There is also " $a \in b\mathbb Z$ ".

-

I often write that as b divides a

Notation:

$$b \mid a$$

-
 This is the standard way, in the specific meaning of compliance to international standards: ISO 80000-2, clause 2.7-17. Note that the vertical bar character used there is normatively identified as U+2223 DIVIDES (∣), note the common U+007C VERTICAL LINE (|) that we enter directly on a keyboard. It is of course possible to express the same thing using a congruence notation, but only for integers (not e.g. for polynomials). – Jukka K. Korpela Jun 22 '12 at 5:09

Alexander Merkurjev taught me a long time ago the ingenious Russian notation $6 \vdots 2$, which I immediately adopted .
It pleasantly "rhymes" with the equivalent $(6)\subset (2)$

-
 I wonder if you are the unique non-Russian who uses that notation.

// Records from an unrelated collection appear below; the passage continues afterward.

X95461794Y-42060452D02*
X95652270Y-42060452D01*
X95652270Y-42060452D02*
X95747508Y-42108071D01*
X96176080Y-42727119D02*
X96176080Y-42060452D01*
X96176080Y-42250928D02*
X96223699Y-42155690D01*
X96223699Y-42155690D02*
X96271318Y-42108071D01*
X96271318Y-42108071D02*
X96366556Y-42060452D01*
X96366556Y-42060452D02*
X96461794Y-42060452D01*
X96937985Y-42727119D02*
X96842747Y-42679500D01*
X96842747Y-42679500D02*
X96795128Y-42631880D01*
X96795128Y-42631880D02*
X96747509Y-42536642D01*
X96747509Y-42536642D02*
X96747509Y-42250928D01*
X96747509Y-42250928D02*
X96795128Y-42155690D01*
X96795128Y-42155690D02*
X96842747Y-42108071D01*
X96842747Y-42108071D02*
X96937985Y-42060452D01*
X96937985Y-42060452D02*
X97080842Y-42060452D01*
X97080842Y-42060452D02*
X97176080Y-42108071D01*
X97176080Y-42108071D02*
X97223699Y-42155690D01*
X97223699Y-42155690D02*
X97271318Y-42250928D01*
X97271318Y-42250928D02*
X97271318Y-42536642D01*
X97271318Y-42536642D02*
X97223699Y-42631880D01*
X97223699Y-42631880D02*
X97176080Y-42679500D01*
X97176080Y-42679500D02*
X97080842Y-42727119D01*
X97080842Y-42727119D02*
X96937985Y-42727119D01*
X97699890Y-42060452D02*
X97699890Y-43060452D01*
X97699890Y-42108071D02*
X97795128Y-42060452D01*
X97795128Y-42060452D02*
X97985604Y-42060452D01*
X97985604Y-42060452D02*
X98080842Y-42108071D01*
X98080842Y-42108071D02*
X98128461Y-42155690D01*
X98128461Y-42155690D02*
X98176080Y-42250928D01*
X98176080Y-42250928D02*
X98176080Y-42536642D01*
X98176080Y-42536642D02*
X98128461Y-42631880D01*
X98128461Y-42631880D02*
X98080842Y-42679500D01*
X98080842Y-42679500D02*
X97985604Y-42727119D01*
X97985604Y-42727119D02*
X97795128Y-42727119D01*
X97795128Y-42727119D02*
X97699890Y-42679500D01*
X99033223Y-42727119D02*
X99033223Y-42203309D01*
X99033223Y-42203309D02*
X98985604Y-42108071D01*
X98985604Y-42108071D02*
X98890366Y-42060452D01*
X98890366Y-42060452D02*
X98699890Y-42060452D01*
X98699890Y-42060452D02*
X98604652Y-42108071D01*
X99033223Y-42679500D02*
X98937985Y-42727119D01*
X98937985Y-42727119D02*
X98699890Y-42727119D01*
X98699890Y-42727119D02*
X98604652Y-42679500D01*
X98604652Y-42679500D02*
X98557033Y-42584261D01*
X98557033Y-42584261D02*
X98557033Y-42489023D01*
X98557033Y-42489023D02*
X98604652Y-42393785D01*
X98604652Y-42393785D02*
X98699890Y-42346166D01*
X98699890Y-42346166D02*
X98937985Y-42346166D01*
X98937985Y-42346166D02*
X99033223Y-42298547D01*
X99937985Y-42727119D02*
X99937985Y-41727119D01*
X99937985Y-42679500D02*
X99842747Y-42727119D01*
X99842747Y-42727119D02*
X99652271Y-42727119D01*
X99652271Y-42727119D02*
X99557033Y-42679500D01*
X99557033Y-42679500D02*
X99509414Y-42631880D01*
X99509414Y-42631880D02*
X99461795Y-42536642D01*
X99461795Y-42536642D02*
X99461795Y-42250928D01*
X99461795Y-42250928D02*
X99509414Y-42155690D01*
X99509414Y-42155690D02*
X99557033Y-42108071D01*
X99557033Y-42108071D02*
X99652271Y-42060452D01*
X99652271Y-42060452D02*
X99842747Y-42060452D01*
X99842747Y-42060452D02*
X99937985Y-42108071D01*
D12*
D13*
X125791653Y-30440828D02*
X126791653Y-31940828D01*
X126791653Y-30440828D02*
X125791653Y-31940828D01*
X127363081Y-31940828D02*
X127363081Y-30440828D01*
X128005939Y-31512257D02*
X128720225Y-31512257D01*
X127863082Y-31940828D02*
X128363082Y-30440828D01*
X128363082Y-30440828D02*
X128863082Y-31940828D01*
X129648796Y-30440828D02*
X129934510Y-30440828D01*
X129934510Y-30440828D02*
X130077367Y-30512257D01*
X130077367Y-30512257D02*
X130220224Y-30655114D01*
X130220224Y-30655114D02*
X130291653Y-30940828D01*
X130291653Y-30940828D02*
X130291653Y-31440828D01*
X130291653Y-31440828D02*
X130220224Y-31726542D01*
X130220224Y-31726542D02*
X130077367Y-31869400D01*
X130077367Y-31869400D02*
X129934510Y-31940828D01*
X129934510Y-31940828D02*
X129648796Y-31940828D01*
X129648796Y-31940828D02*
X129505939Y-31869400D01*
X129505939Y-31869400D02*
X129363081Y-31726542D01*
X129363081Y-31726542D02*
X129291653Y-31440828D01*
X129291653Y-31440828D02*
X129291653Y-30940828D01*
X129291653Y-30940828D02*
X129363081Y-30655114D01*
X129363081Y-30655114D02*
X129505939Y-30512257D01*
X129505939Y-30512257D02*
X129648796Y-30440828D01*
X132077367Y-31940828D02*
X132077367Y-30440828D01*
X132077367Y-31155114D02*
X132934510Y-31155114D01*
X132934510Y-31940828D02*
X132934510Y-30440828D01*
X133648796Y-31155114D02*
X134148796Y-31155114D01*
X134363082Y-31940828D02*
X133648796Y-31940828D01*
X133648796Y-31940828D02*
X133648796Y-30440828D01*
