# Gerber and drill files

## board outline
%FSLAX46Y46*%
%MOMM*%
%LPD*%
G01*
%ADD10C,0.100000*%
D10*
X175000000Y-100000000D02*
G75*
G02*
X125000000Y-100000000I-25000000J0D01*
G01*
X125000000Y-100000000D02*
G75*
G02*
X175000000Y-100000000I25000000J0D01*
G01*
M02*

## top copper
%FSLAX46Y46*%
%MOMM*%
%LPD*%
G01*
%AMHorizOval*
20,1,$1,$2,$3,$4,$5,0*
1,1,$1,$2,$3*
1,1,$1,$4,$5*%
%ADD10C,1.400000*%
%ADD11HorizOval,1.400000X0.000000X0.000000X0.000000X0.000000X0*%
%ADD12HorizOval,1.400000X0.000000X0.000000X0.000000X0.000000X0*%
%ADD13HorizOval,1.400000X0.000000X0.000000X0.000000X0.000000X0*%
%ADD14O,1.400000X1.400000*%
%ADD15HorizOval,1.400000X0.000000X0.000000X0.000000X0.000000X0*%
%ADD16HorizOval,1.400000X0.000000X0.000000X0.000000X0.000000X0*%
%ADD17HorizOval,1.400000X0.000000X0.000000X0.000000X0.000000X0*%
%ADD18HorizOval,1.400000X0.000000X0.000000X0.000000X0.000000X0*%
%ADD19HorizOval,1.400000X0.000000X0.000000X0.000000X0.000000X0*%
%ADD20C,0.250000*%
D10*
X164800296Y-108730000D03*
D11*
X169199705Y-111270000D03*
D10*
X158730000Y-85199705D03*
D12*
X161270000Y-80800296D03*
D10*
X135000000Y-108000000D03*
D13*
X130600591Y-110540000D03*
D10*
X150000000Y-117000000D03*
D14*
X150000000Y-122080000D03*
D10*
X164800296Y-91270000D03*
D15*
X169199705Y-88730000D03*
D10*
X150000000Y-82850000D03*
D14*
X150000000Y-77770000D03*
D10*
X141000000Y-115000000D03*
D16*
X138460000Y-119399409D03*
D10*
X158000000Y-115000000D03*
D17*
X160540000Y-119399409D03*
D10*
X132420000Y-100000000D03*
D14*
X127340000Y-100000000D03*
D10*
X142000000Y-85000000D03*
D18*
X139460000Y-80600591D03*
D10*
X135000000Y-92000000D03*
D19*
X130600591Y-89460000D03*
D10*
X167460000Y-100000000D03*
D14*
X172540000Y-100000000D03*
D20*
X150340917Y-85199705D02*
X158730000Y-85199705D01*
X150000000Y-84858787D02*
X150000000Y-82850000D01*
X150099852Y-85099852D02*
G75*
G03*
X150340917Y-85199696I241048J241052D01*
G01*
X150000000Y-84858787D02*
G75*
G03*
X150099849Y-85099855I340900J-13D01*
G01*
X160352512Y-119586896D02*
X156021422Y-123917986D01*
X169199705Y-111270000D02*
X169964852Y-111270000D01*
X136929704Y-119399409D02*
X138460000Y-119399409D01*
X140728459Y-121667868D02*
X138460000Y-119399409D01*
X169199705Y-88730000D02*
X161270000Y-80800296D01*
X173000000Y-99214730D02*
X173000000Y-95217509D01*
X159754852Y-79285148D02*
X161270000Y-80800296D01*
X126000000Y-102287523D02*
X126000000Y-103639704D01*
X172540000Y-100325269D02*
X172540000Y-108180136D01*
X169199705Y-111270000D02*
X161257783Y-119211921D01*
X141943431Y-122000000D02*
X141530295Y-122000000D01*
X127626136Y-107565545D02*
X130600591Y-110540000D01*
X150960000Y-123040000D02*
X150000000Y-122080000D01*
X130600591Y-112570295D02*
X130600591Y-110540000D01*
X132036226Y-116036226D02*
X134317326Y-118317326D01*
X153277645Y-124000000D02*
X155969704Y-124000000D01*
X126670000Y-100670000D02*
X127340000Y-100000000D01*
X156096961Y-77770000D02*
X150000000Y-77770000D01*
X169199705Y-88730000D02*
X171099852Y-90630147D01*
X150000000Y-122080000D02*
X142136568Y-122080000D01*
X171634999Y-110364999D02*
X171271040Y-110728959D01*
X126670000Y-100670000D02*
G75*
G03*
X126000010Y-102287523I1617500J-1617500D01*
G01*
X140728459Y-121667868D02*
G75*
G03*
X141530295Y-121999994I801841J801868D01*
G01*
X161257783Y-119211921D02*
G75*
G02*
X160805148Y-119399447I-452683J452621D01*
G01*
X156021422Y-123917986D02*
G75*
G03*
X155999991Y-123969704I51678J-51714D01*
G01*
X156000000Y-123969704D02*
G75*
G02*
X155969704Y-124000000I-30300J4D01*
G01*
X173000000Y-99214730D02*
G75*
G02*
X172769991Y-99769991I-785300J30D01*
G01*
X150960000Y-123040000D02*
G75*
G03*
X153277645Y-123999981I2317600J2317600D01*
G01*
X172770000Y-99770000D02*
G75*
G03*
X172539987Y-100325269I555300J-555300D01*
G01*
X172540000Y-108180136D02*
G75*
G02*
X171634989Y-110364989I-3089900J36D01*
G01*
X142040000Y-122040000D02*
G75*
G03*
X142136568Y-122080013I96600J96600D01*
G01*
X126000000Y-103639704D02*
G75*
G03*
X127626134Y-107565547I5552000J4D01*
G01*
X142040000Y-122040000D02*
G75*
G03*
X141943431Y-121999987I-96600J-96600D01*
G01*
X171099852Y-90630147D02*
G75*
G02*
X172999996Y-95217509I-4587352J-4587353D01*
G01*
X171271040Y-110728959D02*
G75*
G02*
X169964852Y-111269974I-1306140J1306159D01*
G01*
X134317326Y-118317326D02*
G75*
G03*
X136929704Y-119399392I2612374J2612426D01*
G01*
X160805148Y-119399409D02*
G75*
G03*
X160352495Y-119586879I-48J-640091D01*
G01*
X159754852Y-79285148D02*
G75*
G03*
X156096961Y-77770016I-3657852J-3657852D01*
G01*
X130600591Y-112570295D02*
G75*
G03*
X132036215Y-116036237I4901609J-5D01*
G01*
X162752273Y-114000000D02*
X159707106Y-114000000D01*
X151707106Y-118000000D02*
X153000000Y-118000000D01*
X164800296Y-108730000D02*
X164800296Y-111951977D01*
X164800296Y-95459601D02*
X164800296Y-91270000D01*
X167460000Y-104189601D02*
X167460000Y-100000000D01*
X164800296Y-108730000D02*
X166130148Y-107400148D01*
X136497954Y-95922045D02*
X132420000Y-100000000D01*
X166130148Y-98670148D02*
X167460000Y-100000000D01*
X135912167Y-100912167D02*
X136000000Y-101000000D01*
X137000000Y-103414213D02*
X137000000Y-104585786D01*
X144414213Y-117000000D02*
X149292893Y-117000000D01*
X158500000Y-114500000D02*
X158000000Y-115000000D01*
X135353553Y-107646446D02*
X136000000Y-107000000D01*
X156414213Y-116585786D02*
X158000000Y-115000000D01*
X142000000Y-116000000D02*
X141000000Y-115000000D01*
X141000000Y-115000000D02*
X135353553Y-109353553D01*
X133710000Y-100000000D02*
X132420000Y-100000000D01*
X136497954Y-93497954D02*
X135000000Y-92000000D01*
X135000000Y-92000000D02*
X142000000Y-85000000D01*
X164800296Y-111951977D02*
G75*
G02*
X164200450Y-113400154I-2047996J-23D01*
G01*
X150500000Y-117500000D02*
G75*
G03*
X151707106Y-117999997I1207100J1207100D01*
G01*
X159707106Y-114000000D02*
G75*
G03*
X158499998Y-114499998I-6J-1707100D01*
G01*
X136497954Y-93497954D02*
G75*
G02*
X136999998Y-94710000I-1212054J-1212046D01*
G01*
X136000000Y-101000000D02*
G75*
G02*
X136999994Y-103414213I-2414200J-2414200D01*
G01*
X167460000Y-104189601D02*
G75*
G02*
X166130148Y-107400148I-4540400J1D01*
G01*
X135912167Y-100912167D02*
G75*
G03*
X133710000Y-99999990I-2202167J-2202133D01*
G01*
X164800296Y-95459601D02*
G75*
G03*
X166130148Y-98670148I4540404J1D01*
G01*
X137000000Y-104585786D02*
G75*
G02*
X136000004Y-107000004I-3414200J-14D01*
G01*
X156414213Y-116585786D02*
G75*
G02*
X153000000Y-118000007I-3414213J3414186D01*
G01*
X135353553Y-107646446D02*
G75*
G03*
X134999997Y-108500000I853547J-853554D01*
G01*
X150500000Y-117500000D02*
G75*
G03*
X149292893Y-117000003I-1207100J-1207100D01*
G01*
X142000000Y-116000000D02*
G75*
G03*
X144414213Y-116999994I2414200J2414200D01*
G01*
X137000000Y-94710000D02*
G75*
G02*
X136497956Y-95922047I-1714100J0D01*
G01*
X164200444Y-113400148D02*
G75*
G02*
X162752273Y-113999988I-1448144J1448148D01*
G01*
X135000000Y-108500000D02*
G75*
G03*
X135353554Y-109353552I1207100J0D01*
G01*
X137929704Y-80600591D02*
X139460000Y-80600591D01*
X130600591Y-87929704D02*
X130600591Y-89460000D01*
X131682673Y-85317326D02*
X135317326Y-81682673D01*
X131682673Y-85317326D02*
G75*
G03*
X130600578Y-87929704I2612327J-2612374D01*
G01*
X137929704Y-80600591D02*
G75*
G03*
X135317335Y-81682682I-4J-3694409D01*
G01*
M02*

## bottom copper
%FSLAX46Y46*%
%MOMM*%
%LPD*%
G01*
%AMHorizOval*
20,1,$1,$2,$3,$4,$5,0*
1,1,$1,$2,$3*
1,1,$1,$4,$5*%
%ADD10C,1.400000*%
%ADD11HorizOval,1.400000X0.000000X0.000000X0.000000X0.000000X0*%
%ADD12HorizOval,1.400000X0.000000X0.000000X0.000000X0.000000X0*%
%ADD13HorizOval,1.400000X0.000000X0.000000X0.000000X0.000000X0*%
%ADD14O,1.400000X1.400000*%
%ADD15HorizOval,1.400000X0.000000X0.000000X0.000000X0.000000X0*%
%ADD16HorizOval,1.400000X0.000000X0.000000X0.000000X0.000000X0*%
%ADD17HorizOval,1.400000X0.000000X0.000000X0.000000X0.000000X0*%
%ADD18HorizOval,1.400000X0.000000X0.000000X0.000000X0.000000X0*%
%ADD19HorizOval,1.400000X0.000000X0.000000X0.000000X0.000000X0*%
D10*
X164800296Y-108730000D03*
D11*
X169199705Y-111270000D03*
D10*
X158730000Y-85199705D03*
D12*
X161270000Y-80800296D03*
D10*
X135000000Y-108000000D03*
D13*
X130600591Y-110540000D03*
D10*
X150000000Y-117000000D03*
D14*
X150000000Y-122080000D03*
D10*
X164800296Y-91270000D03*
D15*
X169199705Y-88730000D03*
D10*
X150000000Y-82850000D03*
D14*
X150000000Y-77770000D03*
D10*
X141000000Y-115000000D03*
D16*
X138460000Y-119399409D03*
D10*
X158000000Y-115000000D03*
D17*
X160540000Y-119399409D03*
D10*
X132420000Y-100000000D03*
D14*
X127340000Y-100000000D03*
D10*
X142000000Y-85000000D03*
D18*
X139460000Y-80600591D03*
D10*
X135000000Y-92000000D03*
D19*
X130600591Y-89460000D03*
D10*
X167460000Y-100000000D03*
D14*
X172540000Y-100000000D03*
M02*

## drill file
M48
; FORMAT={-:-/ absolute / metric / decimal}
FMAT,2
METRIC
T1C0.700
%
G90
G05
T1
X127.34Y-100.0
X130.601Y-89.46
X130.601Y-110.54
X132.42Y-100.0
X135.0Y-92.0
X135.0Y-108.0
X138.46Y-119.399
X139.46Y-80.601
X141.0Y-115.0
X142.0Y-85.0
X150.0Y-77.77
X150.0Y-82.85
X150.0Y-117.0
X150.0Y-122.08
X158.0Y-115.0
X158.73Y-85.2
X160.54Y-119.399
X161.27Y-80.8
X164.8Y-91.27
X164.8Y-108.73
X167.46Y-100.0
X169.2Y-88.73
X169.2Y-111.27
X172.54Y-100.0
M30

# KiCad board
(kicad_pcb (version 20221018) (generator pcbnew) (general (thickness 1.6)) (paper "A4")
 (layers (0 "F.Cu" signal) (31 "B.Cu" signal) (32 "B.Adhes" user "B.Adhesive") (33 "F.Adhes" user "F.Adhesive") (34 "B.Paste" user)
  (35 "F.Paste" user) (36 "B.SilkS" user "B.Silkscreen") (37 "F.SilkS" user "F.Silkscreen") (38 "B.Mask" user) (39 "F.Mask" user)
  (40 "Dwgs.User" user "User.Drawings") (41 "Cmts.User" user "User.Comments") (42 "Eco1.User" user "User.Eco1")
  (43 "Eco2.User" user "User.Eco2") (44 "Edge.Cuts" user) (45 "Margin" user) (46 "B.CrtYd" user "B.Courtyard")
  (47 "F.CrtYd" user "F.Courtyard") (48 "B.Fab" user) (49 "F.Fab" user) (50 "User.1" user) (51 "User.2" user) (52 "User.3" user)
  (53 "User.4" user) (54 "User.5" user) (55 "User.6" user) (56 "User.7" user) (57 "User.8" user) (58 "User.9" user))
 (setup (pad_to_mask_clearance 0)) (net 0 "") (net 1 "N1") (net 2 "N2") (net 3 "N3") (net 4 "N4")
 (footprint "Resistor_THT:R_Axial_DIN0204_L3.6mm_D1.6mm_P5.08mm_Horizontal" (layer "F.Cu") (at 164.800296 108.73 -30)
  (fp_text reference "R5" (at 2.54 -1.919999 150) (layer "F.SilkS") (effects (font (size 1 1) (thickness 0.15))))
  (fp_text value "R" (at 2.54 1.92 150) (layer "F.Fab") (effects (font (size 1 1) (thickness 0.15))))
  (pad "1" thru_hole circle (at 0 0 330) (size 1.4 1.4) (drill 0.7) (layers "*.Cu" "*.Mask") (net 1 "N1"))
  (pad "2" thru_hole oval (at 5.08 0 330) (size 1.4 1.4) (drill 0.7) (layers "*.Cu" "*.Mask") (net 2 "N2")))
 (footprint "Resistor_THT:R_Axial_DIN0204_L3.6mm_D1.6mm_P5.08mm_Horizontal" (layer "F.Cu") (at 158.73 85.199705 60)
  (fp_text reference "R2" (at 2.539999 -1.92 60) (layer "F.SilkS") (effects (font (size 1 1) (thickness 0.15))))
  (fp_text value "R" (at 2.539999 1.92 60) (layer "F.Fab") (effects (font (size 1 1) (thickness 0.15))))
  (pad "1" thru_hole circle (at 0 0 60) (size 1.4 1.4) (drill 0.7) (layers "*.Cu" "*.Mask") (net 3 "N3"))
  (pad "2" thru_hole oval (at 5.08 0 60) (size 1.4 1.4) (drill 0.7) (layers "*.Cu" "*.Mask") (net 2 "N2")))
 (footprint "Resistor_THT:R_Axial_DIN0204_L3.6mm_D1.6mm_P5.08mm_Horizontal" (layer "F.Cu") (at 135 108 -150)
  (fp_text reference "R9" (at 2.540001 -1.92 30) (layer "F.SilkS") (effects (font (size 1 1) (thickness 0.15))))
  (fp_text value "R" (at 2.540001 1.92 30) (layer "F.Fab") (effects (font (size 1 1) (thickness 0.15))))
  (pad "1" thru_hole circle (at 0 0 210) (size 1.4 1.4) (drill 0.7) (layers "*.Cu" "*.Mask") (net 1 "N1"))
  (pad "2" thru_hole oval (at 5.08 0 210) (size 1.4 1.4) (drill 0.7) (layers "*.Cu" "*.Mask") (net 2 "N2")))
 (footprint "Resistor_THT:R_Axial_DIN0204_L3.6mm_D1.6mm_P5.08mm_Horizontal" (layer "F.Cu") (at 150 117 -90)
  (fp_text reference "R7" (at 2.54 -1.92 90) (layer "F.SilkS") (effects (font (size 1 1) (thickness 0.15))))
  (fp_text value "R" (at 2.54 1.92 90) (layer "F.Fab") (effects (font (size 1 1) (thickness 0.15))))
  (pad "1" thru_hole circle (at 0 0 270) (size 1.4 1.4) (drill 0.7) (layers "*.Cu" "*.Mask") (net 1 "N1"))
  (pad "2" thru_hole oval (at 5.08 0 270) (size 1.4 1.4) (drill 0.7) (layers "*.Cu" "*.Mask") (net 2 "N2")))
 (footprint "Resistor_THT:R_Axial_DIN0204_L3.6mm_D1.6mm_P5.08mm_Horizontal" (layer "F.Cu") (at 164.800296 91.27 30)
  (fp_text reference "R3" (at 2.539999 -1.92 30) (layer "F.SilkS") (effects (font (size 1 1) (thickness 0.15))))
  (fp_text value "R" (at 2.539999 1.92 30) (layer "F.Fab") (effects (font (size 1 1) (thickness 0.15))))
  (pad "1" thru_hole circle (at 0 0 30) (size 1.4 1.4) (drill 0.7) (layers "*.Cu" "*.Mask") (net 1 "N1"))
  (pad "2" thru_hole oval (at 5.08 0 30) (size 1.4 1.4) (drill 0.7) (layers "*.Cu" "*.Mask") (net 2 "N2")))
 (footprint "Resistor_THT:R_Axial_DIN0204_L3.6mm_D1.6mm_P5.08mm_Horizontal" (layer "F.Cu") (at 150 82.85 90)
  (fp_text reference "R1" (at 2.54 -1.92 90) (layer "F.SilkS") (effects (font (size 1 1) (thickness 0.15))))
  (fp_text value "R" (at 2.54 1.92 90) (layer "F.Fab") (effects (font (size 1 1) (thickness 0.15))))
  (pad "1" thru_hole circle (at 0 0 90) (size 1.4 1.4) (drill 0.7) (layers "*.Cu" "*.Mask") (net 3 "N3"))
  (pad "2" thru_hole oval (at 5.08 0 90) (size 1.4 1.4) (drill 0.7) (layers "*.Cu" "*.Mask") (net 2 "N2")))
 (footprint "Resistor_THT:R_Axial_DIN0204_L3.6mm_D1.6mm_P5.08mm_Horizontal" (layer "F.Cu") (at 141 115 -120)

I didn't think it is used in public outside of Russia (or at least Eastern Europe). – KCd Jan 22 at 13:48

$a \equiv 0 \mod b$ and $b \mid a$ are both common, and their use depends on the context. Given a choice, I use the latter more than the former.

There are others such as $\text{lcm}(a,b)=a$ or $\text{hcf}(a,b)=b$ [or perhaps $\text{gcd}(a,b)=b$ if you prefer] which might also be used when more suitable for the context.

-